Estaba seco, elegante y fresco, y olía a agua de colonia.

—Hablamos del futuro —dijo Gólem.

—¿Qué sentido tiene hablar del futuro? —objetó Pavor—. No se habla del futuro, se construye. He aquí una copa de coñac. Está llena. Yo la dejo vacía. De esta manera. Un hombre inteligente dijo que el futuro no se podía prever, pero se podía inventar.

—Otro hombre inteligente dijo —apuntó Víktor— que el futuro no existe, solamente existe el presente.

—No me gusta la filosofía clásica —dijo Pavor—. Esos no eran capaces de nada y no deseaban nada. Simplemente les gustaba meditar, igual que a Gólem le gusta beber. El futuro es un presente cuidadosamente neutralizado.

—Cuando en presencia mía —dijo Gólem—, un civil empieza a razonar como un militar, comienzo a sentir algo extraño.

—Los militares nunca razonan —objetó Pavor—. Sólo tienen reflejos y sienten algunas emociones.

—Es igual en la mayoría de los civiles —dijo Víktor, mientras se palpaba la nuca.

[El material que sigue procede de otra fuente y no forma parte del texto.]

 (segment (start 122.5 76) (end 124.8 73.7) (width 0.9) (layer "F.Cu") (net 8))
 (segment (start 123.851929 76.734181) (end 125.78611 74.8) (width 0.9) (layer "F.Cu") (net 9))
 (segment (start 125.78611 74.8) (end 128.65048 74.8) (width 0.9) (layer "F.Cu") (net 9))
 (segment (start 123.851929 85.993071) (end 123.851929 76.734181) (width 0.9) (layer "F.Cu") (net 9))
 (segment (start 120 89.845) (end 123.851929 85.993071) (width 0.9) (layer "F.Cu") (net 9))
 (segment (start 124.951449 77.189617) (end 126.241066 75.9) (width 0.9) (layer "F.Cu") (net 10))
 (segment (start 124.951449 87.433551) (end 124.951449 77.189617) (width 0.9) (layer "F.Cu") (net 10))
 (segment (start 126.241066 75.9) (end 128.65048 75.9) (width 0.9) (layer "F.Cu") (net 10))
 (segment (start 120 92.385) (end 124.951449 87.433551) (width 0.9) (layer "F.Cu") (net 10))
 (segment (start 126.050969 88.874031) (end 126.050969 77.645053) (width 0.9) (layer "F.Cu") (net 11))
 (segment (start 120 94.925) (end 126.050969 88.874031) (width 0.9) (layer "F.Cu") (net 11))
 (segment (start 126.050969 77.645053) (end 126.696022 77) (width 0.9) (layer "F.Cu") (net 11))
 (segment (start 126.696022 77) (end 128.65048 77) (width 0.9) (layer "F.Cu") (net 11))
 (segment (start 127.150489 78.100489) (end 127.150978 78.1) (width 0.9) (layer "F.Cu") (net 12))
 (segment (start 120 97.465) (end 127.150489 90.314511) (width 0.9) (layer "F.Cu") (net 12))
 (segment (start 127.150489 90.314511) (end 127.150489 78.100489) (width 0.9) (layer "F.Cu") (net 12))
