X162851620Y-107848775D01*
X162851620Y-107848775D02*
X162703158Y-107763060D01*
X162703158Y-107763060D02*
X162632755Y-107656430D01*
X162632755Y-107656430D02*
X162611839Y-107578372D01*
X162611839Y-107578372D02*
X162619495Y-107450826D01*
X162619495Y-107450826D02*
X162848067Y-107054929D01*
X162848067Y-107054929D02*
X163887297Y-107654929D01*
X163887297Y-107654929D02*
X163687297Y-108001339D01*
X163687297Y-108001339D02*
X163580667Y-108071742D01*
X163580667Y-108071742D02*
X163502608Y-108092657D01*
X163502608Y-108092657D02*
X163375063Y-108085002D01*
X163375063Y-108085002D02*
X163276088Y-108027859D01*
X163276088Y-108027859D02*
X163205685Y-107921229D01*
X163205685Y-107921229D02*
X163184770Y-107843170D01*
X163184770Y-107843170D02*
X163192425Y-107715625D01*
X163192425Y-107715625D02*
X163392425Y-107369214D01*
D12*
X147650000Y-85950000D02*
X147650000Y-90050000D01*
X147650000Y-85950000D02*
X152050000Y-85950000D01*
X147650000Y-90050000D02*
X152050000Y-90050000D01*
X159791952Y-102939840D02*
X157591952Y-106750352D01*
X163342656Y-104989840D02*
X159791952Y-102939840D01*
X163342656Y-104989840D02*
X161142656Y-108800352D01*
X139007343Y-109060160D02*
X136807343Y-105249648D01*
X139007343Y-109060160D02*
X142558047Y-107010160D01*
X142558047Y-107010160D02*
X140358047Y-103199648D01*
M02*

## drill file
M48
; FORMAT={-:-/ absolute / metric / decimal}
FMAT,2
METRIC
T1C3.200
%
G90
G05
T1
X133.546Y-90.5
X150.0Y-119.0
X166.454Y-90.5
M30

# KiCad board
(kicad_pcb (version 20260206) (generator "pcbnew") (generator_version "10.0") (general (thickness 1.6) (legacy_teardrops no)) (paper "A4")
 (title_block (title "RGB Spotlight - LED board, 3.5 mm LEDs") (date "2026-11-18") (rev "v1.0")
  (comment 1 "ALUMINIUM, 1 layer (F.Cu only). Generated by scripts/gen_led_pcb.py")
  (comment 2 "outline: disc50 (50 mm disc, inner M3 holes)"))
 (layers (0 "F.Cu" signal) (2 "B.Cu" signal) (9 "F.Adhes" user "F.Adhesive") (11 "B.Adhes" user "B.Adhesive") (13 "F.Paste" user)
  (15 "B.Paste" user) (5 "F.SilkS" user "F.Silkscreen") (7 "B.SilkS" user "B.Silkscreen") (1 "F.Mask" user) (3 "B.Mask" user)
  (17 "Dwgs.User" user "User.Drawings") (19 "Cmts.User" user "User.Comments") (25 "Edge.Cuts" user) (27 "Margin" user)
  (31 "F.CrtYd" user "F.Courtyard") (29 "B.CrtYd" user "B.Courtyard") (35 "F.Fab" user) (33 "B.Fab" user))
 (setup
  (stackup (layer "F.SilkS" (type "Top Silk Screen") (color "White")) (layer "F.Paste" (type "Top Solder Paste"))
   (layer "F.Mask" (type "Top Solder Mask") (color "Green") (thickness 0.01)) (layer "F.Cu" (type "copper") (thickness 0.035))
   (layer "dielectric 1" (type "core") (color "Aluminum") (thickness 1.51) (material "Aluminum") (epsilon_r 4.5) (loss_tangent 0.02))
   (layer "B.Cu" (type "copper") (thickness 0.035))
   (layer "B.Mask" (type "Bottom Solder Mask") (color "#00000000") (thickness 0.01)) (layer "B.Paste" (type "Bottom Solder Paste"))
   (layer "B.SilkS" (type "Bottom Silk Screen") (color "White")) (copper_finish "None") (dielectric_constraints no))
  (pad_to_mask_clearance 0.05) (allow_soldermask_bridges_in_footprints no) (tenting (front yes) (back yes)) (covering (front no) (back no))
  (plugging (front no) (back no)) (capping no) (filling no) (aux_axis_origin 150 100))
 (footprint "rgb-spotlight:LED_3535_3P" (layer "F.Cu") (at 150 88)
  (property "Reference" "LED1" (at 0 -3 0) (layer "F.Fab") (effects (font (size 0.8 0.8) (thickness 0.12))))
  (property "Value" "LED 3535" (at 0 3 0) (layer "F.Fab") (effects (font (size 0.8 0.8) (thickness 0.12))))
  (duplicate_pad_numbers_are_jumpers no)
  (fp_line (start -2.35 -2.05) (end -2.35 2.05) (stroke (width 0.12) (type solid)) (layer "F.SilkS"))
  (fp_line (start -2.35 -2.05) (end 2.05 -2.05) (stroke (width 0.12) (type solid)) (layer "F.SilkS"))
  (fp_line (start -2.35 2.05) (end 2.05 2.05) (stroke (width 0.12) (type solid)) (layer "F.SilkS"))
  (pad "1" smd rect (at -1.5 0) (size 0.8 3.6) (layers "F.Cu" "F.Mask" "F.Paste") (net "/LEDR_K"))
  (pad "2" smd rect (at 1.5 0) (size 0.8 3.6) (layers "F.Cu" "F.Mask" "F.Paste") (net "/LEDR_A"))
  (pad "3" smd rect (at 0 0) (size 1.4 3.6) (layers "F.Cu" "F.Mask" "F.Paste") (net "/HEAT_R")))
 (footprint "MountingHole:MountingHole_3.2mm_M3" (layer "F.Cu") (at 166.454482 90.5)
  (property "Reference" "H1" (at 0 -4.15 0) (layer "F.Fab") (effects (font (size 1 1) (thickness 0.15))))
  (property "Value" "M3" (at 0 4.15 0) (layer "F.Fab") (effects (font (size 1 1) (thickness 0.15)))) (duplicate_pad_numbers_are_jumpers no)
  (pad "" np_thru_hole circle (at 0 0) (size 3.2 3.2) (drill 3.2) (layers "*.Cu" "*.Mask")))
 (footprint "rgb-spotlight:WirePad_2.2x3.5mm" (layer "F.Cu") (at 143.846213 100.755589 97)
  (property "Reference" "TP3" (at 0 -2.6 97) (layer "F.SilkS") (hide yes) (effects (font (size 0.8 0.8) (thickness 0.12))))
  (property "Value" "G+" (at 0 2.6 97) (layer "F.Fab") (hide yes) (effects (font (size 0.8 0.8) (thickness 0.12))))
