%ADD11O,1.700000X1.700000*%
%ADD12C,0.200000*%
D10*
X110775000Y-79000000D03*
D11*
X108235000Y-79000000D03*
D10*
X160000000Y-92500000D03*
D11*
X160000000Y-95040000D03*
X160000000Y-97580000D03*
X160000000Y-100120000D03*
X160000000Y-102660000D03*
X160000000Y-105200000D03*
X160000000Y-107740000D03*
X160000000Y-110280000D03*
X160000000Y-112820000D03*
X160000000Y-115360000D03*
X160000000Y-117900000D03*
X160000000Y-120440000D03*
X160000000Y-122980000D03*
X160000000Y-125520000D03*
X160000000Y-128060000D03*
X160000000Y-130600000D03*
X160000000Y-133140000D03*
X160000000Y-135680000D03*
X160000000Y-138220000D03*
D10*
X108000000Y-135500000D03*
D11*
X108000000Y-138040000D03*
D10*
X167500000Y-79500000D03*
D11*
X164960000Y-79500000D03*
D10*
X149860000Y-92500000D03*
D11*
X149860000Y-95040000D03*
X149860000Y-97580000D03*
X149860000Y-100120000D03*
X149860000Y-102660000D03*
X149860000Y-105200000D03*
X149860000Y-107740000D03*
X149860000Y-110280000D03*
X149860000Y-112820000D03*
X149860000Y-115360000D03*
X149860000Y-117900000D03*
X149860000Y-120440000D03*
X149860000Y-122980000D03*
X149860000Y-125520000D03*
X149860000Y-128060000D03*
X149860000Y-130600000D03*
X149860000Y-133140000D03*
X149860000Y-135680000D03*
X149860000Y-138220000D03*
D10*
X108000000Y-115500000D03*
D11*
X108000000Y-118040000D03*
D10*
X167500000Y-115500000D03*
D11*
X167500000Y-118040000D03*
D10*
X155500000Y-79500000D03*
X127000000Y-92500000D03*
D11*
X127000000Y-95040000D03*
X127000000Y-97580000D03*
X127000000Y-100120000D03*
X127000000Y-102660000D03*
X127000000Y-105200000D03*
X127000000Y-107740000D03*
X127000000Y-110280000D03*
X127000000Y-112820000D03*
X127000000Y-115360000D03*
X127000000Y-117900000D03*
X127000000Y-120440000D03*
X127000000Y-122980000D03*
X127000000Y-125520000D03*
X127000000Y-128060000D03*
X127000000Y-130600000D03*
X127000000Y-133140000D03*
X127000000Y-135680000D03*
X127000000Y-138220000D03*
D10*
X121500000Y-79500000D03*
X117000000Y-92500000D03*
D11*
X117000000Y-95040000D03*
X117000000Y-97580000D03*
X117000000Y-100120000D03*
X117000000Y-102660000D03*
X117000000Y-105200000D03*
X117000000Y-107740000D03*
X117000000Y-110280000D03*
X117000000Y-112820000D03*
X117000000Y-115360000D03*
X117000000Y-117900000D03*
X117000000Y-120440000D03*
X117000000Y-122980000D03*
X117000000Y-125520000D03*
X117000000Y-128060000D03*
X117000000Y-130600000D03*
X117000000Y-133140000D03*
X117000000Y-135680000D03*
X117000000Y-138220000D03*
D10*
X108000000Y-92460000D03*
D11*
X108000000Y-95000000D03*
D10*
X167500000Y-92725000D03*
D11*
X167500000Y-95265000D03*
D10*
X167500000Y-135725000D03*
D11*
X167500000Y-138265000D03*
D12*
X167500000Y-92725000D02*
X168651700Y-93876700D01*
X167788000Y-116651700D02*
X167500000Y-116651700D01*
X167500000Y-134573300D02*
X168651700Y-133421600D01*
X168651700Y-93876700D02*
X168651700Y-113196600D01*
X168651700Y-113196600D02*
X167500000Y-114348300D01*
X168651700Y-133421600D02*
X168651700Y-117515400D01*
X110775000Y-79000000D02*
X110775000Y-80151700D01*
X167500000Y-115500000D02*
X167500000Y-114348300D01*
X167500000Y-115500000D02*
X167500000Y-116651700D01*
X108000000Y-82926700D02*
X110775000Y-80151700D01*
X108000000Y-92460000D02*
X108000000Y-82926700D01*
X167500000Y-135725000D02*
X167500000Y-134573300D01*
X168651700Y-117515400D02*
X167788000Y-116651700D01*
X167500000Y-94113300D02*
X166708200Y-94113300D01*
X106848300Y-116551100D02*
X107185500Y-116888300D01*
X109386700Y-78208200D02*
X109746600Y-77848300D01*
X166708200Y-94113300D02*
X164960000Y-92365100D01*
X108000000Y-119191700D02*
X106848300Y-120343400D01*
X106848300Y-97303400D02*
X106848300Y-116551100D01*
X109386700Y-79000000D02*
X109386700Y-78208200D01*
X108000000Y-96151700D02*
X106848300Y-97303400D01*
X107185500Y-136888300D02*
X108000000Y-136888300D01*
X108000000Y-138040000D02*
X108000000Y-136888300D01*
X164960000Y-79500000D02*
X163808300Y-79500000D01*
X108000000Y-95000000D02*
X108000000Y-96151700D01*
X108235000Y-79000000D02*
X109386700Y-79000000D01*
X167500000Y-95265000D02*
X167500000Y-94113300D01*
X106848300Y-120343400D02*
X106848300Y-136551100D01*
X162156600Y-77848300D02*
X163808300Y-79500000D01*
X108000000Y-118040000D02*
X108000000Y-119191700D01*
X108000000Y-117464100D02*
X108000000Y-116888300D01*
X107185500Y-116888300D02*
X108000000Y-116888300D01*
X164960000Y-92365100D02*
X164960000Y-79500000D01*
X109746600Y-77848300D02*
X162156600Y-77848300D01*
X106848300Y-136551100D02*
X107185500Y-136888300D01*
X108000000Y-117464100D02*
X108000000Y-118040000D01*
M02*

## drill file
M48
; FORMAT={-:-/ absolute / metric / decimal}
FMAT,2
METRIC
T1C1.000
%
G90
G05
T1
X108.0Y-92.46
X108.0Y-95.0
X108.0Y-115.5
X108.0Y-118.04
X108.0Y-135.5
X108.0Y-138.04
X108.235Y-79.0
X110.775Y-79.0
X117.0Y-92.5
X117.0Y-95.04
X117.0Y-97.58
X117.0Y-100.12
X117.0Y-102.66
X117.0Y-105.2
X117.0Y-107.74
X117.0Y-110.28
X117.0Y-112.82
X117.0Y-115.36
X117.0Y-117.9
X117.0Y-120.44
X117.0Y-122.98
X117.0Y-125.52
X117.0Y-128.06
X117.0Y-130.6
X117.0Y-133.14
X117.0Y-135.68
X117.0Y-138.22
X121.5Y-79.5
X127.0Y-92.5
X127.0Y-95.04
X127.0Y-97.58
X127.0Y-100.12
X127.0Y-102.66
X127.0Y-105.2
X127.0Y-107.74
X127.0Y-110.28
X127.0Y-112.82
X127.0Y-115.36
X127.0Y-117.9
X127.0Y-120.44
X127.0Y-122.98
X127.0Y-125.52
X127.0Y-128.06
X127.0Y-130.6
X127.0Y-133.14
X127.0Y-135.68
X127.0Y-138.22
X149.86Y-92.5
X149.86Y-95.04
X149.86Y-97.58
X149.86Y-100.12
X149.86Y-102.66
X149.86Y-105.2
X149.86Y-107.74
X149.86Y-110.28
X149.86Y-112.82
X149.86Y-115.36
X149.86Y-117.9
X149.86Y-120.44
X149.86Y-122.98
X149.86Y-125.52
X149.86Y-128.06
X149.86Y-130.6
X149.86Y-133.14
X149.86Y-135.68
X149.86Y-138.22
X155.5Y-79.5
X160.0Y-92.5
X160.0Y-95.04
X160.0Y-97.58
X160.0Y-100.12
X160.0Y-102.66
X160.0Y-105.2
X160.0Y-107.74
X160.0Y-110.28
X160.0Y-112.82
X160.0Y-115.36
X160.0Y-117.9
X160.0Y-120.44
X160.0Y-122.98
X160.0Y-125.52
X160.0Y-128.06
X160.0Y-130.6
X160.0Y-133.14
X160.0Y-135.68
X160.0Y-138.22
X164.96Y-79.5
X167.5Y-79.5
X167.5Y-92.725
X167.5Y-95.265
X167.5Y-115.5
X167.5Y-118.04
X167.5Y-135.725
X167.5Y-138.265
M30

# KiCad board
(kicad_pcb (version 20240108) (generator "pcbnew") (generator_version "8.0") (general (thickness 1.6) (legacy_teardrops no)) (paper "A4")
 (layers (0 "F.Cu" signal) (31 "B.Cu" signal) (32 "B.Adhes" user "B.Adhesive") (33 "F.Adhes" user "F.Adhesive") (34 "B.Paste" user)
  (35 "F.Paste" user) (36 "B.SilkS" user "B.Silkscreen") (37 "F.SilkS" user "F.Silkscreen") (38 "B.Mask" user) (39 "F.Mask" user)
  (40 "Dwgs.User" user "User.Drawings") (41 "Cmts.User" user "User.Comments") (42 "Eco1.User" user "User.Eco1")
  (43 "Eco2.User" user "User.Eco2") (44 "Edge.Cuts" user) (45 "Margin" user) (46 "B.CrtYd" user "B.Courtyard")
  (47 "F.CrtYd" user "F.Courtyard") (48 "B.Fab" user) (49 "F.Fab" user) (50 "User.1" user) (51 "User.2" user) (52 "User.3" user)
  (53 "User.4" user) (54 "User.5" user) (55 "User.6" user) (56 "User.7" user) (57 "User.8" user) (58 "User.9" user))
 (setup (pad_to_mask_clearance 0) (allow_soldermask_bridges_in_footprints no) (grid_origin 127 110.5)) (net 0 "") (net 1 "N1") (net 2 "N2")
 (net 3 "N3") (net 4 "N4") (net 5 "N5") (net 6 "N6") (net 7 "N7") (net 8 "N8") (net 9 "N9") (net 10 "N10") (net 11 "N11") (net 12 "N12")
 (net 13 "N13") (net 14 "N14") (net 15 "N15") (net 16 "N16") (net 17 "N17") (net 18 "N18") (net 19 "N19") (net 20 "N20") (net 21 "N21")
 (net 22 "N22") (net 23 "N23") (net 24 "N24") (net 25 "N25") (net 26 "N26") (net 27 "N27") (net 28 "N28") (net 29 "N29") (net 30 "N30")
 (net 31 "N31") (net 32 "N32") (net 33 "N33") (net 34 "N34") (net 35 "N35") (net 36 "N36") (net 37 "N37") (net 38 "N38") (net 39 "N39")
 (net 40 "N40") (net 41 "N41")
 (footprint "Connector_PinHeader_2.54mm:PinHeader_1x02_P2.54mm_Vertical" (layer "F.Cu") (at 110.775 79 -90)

—Ahora nadie tiene tiempo de razonar —explicó Pavor—. Ni los civiles, ni los militares. Ahora hay que moverse deprisa. Si te interesa el futuro, invéntalo a la mayor brevedad, al paso, según los reflejos y las emociones.

—Los inventores, al infierno —respondió Víktor.

Se sentía ebrio y alegre. Todo estaba en su lugar. No quería ir a ninguna parte, quería permanecer allí, en aquel salón vacío, oscuro, todavía no muy antiguo, pero que ya mostraba manchones húmedos en las paredes, tenía el parqué combado y olía a cocina, sobre todo al recordar que afuera, en todo el mundo, llovía, que la lluvia caía sobre los adoquines de las calles, sobre los techos a dos aguas, la lluvia que bañaba montañas e inundaba llanuras, y en algún momento las barrería, cosa que no ocurriría pronto... aunque si lo pensaba, ahora era imposible mencionar algo que no ocurriría pronto. Sí, amigos míos, hace tiempo que pasó aquel momento en que el futuro era la repetición del presente y todos los cambios asomaban más allá del horizonte. Gólem tiene razón, en el mundo no existe futuro alguno, se ha fundido con el presente y ahora es imposible saber qué cosa es qué.

—¡Violado por un mohoso! —dijo Pavor, malévolo.

En las puertas del restaurante apareció el doctor R. Kvadriga. Estuvo parado allí varios segundos, examinando con mucha atención las filas de mesitas vacías; a continuación se le aclaró el rostro y, balanceándose hacia delante, se dirigió a su lugar.

—¿Por qué los llama mohosos? —preguntó Víktor—. ¿Están mohosos a causa de la lluvia?